3.13. The Proposed Regulations make it more difficult to detect and address widespread issues. As a result, it will be more difficult to detect and address truly systemic risks in the system, which may affect the financial markets and the economy as a whole.

3.14. FAIR Canada recommends that the FCAC be mandated to investigate systemic issues and require the relevant bank to correct the practice and compensate consumers who have been overcharged or suffered other financial loss.

Types of Awards Narrowed

3.15. The Proposed Regulations require that ECBs “…deal with and resolve complaints in a manner that affects only the parties to them”. This prevents an order which would provide that action be taken that would affect other consumers and/or potential complainants. This is unduly restrictive and not in the interest of consumers. Remedial action that will affect more than the parties will be unduly circumscribed.

Federal Expert Report Pointed Out Existing Weaknesses in Complaint Handling and Consumer Redress

3.16. As noted in the January 2009 Report of the Expert Panel on Securities Regulation regarding the inadequacy of complaint handling and redress mechanisms in Canada:

Although many mechanisms have been put in place to provide investors with simpler, more cost-effective alternatives to the courts, the numerous organizations, the multi-step processes, and the lack of uniformity across Canada pose challenges for investors to properly understand and achieve a proper conclusion in an expeditious manner. Based on some of the personal accounts, it appears that investors are often not provided with the information required to understand the full range of options available to seek redress.[30]

3.17. FAIR Canada submits that permitting multiple approved ECBs will worsen the problem of poor complaint handling and redress mechanisms rather than improve it.

National Securities Regulator

3.18. If the Federal Government weakens consumer protection for consumers of banks, this will undermine public confidence that a national securities regulator would lead to improved consumer protection in investments and thereby undermine public support for a national regulator.

3.19. The Proposed Regulations also run contrary to the more pro-consumer stance of provincial securities regulators, who are supporting mandatory participation in OBSI and have not allowed investment firms to leave OBSI and choose a for-profit ECB.


3.20. Canadian consumers would be better served if the Minister of Finance brought Canadian banking regulations up to current international standards for consumer redress, by implementing one, independent, national external consumer dispute resolution service for banks being either OBSI or a statutory banking ombudsman. In the absence of this we recommend that major changes be made to the Proposed Regulations to address the major deficiencies highlighted in this letter.

Public Consultation

3.21. We also respectfully submit that a 30 day comment period, issued in the summer, for the Proposed Regulations is far too short, and should be extended to coincide with the consultation being undertaken by the FCAC regarding the Proposed Guidelines, which deal with the same subject matter, the deadline for which is September 10, 2012. 

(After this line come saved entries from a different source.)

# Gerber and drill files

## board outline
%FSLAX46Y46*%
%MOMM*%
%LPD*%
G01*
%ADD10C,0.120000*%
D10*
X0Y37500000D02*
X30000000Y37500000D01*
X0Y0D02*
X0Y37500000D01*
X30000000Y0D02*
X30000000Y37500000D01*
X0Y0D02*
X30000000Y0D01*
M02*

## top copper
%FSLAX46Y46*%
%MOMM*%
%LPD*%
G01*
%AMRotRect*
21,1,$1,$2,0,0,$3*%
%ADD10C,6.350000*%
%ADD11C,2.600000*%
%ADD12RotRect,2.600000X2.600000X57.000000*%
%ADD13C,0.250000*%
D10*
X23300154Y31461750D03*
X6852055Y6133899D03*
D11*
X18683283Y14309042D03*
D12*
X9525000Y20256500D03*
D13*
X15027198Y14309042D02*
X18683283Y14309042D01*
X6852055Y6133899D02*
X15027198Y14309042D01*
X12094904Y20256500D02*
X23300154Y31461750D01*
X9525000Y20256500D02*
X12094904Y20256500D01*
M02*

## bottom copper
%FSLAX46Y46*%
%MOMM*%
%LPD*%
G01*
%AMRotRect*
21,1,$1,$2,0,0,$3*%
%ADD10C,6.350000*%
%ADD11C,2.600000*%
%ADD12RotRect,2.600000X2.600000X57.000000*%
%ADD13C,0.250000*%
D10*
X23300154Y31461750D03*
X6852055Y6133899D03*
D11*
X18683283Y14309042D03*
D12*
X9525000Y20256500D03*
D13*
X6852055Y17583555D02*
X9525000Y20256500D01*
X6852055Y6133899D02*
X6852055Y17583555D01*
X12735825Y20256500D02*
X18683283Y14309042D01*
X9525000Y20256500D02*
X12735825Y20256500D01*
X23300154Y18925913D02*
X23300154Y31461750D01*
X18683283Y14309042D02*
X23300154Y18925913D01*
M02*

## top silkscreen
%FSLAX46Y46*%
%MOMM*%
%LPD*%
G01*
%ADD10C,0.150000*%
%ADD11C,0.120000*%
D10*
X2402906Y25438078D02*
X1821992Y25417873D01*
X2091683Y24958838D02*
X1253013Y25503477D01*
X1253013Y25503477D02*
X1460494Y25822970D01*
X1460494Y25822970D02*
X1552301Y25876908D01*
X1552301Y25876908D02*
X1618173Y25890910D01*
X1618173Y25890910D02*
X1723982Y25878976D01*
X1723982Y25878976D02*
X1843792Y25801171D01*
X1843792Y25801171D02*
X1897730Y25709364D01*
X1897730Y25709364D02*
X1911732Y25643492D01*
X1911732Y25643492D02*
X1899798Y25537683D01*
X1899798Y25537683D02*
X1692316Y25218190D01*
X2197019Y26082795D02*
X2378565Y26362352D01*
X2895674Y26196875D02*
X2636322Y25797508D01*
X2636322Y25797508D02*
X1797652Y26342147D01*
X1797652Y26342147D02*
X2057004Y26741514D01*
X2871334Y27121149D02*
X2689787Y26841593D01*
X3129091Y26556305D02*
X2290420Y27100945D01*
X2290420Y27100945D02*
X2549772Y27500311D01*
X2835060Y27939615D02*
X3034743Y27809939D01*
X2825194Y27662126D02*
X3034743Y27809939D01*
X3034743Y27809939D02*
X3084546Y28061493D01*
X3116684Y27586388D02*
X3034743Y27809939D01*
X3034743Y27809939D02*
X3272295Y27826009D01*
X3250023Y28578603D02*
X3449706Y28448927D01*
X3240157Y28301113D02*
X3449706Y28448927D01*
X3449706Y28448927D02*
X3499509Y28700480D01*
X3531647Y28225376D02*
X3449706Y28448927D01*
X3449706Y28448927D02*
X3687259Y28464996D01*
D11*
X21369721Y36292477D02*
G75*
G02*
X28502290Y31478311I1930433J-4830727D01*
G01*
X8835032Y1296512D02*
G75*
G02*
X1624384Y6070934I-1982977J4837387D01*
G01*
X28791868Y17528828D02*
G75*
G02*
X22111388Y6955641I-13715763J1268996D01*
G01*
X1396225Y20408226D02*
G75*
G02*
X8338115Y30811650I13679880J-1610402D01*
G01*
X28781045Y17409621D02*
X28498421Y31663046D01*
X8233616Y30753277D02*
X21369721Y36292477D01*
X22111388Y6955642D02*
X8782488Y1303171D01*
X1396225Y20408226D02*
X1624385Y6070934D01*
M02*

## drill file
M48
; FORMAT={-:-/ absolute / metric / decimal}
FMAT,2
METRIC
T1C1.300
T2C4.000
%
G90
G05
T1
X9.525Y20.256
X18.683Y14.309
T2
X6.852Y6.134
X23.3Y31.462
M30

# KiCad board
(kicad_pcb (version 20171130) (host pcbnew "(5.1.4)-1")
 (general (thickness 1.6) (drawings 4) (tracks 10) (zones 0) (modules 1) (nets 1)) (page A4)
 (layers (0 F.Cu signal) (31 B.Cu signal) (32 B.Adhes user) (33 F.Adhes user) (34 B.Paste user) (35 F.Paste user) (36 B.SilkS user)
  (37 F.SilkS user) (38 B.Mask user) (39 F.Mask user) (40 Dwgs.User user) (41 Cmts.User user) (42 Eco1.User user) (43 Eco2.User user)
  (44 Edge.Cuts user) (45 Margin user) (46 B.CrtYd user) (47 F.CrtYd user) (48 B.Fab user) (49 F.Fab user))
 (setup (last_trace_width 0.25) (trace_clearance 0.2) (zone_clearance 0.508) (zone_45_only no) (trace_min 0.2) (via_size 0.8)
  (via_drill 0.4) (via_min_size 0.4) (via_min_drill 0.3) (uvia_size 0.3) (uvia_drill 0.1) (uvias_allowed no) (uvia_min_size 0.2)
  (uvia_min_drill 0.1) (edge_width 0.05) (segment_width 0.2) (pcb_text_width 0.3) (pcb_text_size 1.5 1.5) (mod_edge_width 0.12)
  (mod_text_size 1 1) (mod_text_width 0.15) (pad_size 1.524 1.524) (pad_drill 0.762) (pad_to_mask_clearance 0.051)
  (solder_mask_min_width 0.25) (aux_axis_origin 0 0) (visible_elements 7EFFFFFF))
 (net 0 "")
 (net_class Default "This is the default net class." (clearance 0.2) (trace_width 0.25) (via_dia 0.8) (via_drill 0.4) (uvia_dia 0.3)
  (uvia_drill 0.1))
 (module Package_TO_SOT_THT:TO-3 (layer F.Cu) (at 9.525 -20.2565 57)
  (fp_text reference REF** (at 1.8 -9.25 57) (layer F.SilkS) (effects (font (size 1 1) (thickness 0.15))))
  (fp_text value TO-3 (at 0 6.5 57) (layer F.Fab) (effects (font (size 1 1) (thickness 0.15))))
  (fp_arc (start 16.9 5.45) (end 19.9 1.2) (angle 111.6) (layer F.SilkS) (width 0.12))
  (fp_arc (start -13.3 5.45) (end -16.2 1.1) (angle -111.6) (layer F.SilkS) (width 0.12))
  (fp_arc (start 1.8 5.45) (end -4.3 17.8) (angle -54) (layer F.SilkS) (width 0.12))
  (fp_arc (start 1.8 5.45) (end -4.3 -6.9) (angle 54) (layer F.SilkS) (width 0.12))
  (fp_line (start 8.1 17.7) (end 19.9 9.7) (layer F.SilkS) (width 0.12))
  (fp_line (start 8.1 -6.8) (end 19.9 1.2) (layer F.SilkS) (width 0.12))
  (fp_line (start -4.3 17.8) (end -16.3 9.7) (layer F.SilkS) (width 0.12))
  (fp_line (start -4.3 -6.9) (end -16.2 1.1) (layer F.SilkS) (width 0.12))
  (pad 3 thru_hole circle (at 16.9 5.45 57) (size 6.35 6.35) (drill 4) (layers *.Cu *.Mask))
  (pad 3 thru_hole circle (at -13.3 5.45 57) (size 6.35 6.35) (drill 4) (layers *.Cu *.Mask))
  (pad 2 thru_hole circle (at 0 10.92 57) (size 2.6 2.6) (drill 1.3) (layers *.Cu *.Mask))
  (pad 1 thru_hole rect (at 0 0 57) (size 2.6 2.6) (drill 1.3) (layers *.Cu *.Mask)))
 (gr_line (start 0 -37.5) (end 30 -37.5) (layer Edge.Cuts) (width 0.12))
 (gr_line (start 0 0) (end 0 -37.5) (layer Edge.Cuts) (width 0.12))
 (gr_line (start 30 0) (end 30 -37.5) (layer Edge.Cuts) (width 0.12))
 (gr_line (start 0 0) (end 30 0) (layer Edge.Cuts) (width 0.12))
 (segment (start 15.027198 -14.309042) (end 18.683283 -14.309042) (width 0.25) (layer F.Cu) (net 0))
 (segment (start 6.852055 -6.133899) (end 15.027198 -14.309042) (width 0.25) (layer F.Cu) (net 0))
 (segment (start 12.094904 -20.2565) (end 23.300154 -31.46175) (width 0.25) (layer F.Cu) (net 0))
 (segment (start 9.525 -20.2565) (end 12.094904 -20.2565) (width 0.25) (layer F.Cu) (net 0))
 (segment (start 6.852055 -17.583555) (end 9.525 -20.2565) (width 0.25) (layer B.Cu) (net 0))
 (segment (start 6.852055 -6.133899) (end 6.852055 -17.583555) (width 0.25) (layer B.Cu) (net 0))
 (segment (start 12.735825 -20.2565) (end 18.683283 -14.309042) (width 0.25) (layer B.Cu) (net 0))
 (segment (start 9.525 -20.2565) (end 12.735825 -20.2565) (width 0.25) (layer B.Cu) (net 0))
 (segment (start 23.300154 -18.925913) (end 23.300154 -31.46175) (width 0.25) (layer B.Cu) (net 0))
 (segment (start 18.683283 -14.309042) (end 23.300154 -18.925913) (width 0.25) (layer B.Cu) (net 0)))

3.22. We also respectfully submit that all comment letters received should be posted in the public domain in the interests of transparency.

We thank you for the opportunity to provide our comments and views in this submission. We welcome its public posting and would be pleased to discuss this letter with you at your convenience. Feel free to contact Ermanno Pascutto at 416-214-3443 ( or Marian Passmore at 416-214-3441 (




Canadian Foundation for Advancement of Investor Rights


Appendix A


[1] Proposed Regulatory Text (Approved External Complaints Bodies (Banks and Authorized Foreign Banks) Regulations), C. Gaz. 2012.I.2084 (Bank Act).

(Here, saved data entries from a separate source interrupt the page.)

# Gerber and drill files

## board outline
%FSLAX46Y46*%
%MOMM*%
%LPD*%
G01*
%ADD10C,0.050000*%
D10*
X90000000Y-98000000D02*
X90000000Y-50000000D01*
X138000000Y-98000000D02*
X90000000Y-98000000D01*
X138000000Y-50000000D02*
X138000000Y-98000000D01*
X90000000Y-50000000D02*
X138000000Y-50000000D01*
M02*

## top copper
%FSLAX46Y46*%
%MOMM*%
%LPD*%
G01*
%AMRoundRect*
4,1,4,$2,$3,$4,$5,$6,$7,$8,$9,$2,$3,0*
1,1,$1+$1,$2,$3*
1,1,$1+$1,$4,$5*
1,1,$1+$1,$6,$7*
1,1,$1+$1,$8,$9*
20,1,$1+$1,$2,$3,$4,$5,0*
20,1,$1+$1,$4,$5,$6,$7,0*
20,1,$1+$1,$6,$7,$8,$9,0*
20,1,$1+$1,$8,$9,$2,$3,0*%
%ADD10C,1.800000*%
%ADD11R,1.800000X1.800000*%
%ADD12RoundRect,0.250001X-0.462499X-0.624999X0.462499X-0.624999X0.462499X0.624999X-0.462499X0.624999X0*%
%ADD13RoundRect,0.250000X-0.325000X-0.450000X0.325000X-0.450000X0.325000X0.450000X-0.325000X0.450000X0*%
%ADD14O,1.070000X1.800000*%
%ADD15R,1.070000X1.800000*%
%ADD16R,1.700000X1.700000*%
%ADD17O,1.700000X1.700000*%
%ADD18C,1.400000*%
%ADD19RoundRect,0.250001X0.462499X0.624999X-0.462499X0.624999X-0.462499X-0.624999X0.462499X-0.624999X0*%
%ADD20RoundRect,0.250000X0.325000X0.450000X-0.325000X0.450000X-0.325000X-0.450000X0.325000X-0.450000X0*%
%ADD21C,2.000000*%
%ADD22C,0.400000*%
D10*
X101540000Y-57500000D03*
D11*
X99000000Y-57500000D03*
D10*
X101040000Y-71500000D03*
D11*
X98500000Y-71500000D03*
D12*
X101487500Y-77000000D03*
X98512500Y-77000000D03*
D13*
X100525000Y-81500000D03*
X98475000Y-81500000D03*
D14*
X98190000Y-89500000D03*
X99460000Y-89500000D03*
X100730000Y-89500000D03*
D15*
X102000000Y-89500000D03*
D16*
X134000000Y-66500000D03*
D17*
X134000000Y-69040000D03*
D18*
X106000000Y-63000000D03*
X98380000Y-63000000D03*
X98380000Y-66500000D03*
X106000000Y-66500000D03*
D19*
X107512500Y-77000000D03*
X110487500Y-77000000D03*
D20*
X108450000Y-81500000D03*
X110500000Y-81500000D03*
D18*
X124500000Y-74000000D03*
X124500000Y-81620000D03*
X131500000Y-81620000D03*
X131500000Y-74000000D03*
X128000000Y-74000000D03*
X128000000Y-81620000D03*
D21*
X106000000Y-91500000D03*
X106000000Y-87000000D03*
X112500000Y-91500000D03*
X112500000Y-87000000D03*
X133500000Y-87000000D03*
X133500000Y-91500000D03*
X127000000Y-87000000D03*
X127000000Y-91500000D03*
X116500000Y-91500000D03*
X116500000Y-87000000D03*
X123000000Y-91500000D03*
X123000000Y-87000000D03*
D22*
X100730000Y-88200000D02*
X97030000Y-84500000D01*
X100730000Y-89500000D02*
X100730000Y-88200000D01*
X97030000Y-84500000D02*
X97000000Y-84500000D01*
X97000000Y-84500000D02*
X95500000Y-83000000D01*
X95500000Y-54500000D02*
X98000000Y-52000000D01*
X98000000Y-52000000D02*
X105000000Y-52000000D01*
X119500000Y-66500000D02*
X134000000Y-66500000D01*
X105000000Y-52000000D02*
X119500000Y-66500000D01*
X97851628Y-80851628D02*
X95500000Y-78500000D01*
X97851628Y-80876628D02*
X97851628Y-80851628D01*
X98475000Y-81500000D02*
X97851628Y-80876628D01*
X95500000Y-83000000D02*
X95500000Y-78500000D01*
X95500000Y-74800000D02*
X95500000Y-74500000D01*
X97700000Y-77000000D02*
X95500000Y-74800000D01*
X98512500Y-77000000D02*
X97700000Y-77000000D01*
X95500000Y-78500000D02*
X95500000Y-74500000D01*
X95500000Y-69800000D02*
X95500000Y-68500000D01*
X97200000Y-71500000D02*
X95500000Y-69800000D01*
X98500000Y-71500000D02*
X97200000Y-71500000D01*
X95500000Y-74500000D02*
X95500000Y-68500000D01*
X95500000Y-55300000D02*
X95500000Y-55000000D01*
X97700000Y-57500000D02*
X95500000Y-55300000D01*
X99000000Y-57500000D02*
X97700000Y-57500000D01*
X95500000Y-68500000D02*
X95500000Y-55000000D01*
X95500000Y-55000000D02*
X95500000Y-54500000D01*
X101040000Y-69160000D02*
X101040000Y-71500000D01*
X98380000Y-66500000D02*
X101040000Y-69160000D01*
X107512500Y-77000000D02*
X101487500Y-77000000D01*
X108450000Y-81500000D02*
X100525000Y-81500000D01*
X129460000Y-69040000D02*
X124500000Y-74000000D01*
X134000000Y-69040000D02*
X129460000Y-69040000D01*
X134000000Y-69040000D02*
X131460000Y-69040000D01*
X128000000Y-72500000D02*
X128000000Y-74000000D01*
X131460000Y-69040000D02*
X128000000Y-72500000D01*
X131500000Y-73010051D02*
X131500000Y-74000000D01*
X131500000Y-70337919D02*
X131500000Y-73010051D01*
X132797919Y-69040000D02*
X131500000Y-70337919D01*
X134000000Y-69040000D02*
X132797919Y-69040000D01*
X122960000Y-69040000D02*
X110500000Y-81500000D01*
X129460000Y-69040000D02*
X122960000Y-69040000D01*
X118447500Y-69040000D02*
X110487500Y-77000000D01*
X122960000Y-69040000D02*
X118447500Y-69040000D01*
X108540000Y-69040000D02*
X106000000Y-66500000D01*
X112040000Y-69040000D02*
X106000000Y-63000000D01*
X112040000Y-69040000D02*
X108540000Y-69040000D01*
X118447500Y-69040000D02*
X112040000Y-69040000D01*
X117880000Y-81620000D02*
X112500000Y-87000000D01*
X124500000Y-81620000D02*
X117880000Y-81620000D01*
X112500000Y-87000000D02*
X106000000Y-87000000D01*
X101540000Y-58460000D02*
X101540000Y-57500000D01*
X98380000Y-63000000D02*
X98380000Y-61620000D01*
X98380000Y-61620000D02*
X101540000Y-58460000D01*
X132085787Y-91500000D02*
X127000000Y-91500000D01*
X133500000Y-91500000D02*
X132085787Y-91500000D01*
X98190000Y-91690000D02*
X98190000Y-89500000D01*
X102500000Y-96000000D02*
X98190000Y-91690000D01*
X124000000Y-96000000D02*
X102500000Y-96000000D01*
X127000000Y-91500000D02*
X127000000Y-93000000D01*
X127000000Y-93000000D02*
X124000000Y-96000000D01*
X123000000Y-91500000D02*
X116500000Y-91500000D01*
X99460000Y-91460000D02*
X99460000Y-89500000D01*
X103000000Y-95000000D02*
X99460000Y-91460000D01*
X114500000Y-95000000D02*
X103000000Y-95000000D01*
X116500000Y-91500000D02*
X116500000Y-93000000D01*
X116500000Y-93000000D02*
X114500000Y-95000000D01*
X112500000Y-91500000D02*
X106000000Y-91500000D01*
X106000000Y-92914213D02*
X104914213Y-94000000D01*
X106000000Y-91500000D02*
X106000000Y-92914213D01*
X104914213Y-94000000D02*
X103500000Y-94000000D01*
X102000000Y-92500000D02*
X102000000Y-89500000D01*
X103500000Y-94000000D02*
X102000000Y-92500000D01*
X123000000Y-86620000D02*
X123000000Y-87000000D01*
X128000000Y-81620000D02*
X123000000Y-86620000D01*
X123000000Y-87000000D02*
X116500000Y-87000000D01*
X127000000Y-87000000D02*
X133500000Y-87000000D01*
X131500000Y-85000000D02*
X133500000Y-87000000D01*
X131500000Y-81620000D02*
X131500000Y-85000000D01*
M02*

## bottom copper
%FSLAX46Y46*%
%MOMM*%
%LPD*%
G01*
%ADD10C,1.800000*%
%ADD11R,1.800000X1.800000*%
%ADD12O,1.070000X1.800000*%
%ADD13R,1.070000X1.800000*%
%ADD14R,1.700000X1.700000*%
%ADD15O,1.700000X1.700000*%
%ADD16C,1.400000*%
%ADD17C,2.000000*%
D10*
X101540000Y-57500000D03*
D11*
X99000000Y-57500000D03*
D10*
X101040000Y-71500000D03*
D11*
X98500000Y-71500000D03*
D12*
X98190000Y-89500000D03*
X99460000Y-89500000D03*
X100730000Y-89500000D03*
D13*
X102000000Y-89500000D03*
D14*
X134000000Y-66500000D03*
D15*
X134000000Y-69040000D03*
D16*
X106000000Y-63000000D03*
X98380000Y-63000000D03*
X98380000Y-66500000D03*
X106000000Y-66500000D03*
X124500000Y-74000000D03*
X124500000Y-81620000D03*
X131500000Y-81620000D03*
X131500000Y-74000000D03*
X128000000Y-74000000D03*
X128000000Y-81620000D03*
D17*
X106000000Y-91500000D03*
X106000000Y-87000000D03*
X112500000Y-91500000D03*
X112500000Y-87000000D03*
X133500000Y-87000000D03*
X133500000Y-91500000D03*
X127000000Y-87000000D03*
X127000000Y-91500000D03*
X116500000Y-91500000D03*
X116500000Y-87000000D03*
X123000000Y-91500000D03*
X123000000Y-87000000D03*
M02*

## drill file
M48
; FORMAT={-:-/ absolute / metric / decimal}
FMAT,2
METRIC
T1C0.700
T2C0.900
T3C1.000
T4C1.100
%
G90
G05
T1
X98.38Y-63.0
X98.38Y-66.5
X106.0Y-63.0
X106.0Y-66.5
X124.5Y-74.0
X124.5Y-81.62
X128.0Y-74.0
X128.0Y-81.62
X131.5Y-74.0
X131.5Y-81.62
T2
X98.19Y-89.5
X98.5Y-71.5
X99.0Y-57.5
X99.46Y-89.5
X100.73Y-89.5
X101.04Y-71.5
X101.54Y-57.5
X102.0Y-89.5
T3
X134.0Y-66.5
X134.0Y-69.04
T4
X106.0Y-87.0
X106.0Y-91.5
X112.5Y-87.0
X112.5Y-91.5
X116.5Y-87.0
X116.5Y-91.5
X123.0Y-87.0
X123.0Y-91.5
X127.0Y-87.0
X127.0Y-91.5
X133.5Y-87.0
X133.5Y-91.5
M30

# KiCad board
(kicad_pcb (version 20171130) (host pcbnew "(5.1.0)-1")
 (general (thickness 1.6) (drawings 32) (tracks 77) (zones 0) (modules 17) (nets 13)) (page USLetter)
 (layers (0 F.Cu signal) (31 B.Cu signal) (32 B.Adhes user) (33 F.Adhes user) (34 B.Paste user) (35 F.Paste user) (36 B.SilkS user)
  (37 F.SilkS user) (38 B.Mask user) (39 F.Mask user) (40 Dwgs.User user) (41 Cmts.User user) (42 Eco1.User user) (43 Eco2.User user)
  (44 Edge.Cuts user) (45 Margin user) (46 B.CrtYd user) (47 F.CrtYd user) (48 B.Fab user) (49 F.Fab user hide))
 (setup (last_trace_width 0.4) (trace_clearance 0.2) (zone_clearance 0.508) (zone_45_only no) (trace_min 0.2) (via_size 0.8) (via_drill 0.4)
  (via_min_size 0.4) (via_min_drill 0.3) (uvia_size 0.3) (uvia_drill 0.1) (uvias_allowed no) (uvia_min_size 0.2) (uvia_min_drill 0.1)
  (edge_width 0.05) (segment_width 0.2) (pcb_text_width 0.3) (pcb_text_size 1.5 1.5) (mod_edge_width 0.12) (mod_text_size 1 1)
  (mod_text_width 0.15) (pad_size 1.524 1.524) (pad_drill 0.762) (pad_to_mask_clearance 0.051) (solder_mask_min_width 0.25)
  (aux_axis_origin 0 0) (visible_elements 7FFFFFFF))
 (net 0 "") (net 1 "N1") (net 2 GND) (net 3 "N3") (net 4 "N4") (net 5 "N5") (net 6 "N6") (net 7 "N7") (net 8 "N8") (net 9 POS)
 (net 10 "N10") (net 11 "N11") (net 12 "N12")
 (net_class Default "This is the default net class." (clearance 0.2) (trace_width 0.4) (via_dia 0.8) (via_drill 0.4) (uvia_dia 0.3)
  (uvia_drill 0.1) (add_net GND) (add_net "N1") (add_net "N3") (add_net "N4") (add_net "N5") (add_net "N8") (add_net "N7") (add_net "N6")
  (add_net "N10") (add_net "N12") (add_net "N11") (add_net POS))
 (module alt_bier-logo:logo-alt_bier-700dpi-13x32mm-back (layer F.Cu) (at 114 68.5)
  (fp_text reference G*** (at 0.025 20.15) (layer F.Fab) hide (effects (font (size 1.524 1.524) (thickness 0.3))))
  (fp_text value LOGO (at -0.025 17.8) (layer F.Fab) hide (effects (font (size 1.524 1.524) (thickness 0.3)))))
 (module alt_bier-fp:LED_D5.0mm (layer F.Cu) (at 99 57.5)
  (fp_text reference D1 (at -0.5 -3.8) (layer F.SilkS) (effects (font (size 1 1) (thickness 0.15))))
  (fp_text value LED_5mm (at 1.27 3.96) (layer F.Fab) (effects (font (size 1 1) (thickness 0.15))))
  (pad 2 thru_hole circle (at 2.54 0) (size 1.8 1.8) (drill 0.9) (layers *.Cu *.Mask) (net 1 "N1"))
  (pad 1 thru_hole rect (at 0 0) (size 1.8 1.8) (drill 0.9) (layers *.Cu *.Mask) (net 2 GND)))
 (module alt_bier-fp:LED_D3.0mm (layer F.Cu) (at 98.5 71.5)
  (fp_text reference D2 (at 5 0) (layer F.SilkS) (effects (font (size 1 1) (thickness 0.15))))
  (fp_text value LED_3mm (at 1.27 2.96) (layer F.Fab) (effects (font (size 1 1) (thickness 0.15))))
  (pad 2 thru_hole circle (at 2.54 0) (size 1.8 1.8) (drill 0.9) (layers *.Cu *.Mask) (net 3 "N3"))
  (pad 1 thru_hole rect (at 0 0) (size 1.8 1.8) (drill 0.9) (layers *.Cu *.Mask) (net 2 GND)))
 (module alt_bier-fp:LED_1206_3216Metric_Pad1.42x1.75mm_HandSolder (layer F.Cu) (at 100 77)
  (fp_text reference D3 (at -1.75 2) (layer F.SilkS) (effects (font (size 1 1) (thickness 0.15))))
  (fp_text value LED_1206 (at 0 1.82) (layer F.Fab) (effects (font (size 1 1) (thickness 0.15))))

[2] FAIR Canada reserves the right to provide further comments on the Proposed Guidelines as well as the Proposed Guidance for Internal Dispute Resolution by separate letter to the FCAC prior to the deadline for comments.

[3] Proposed Regulatory Text (Approved External Complaints Bodies (Banks and Authorized Foreign Banks) Regulations), C. Gaz. 2012.I.2084 (Bank Act).

[4] Letter to Minister of Finance dated November 15, 2011, available in FAIR Canada’s November Newsletter online at; Letter to Minister of Finance dated March 21, 2012 referenced in our April 2012 Newsletter, available online at

[5] Proposed Regulatory Text (Approved External Complaints Bodies (Banks and Authorized Foreign Banks) Regulations), C. Gaz. 2012.I.2084 (Bank Act).

[6] G20 High Level Principles on Consumer Financial Protection, Framework at page 4.

[7] See World Bank Report issued January 2012 “Resolving disputes between consumers and financial businesses: Fundamentals for a financial ombudsman” at page 9.

[8] G20 High Level Principles, at page 4.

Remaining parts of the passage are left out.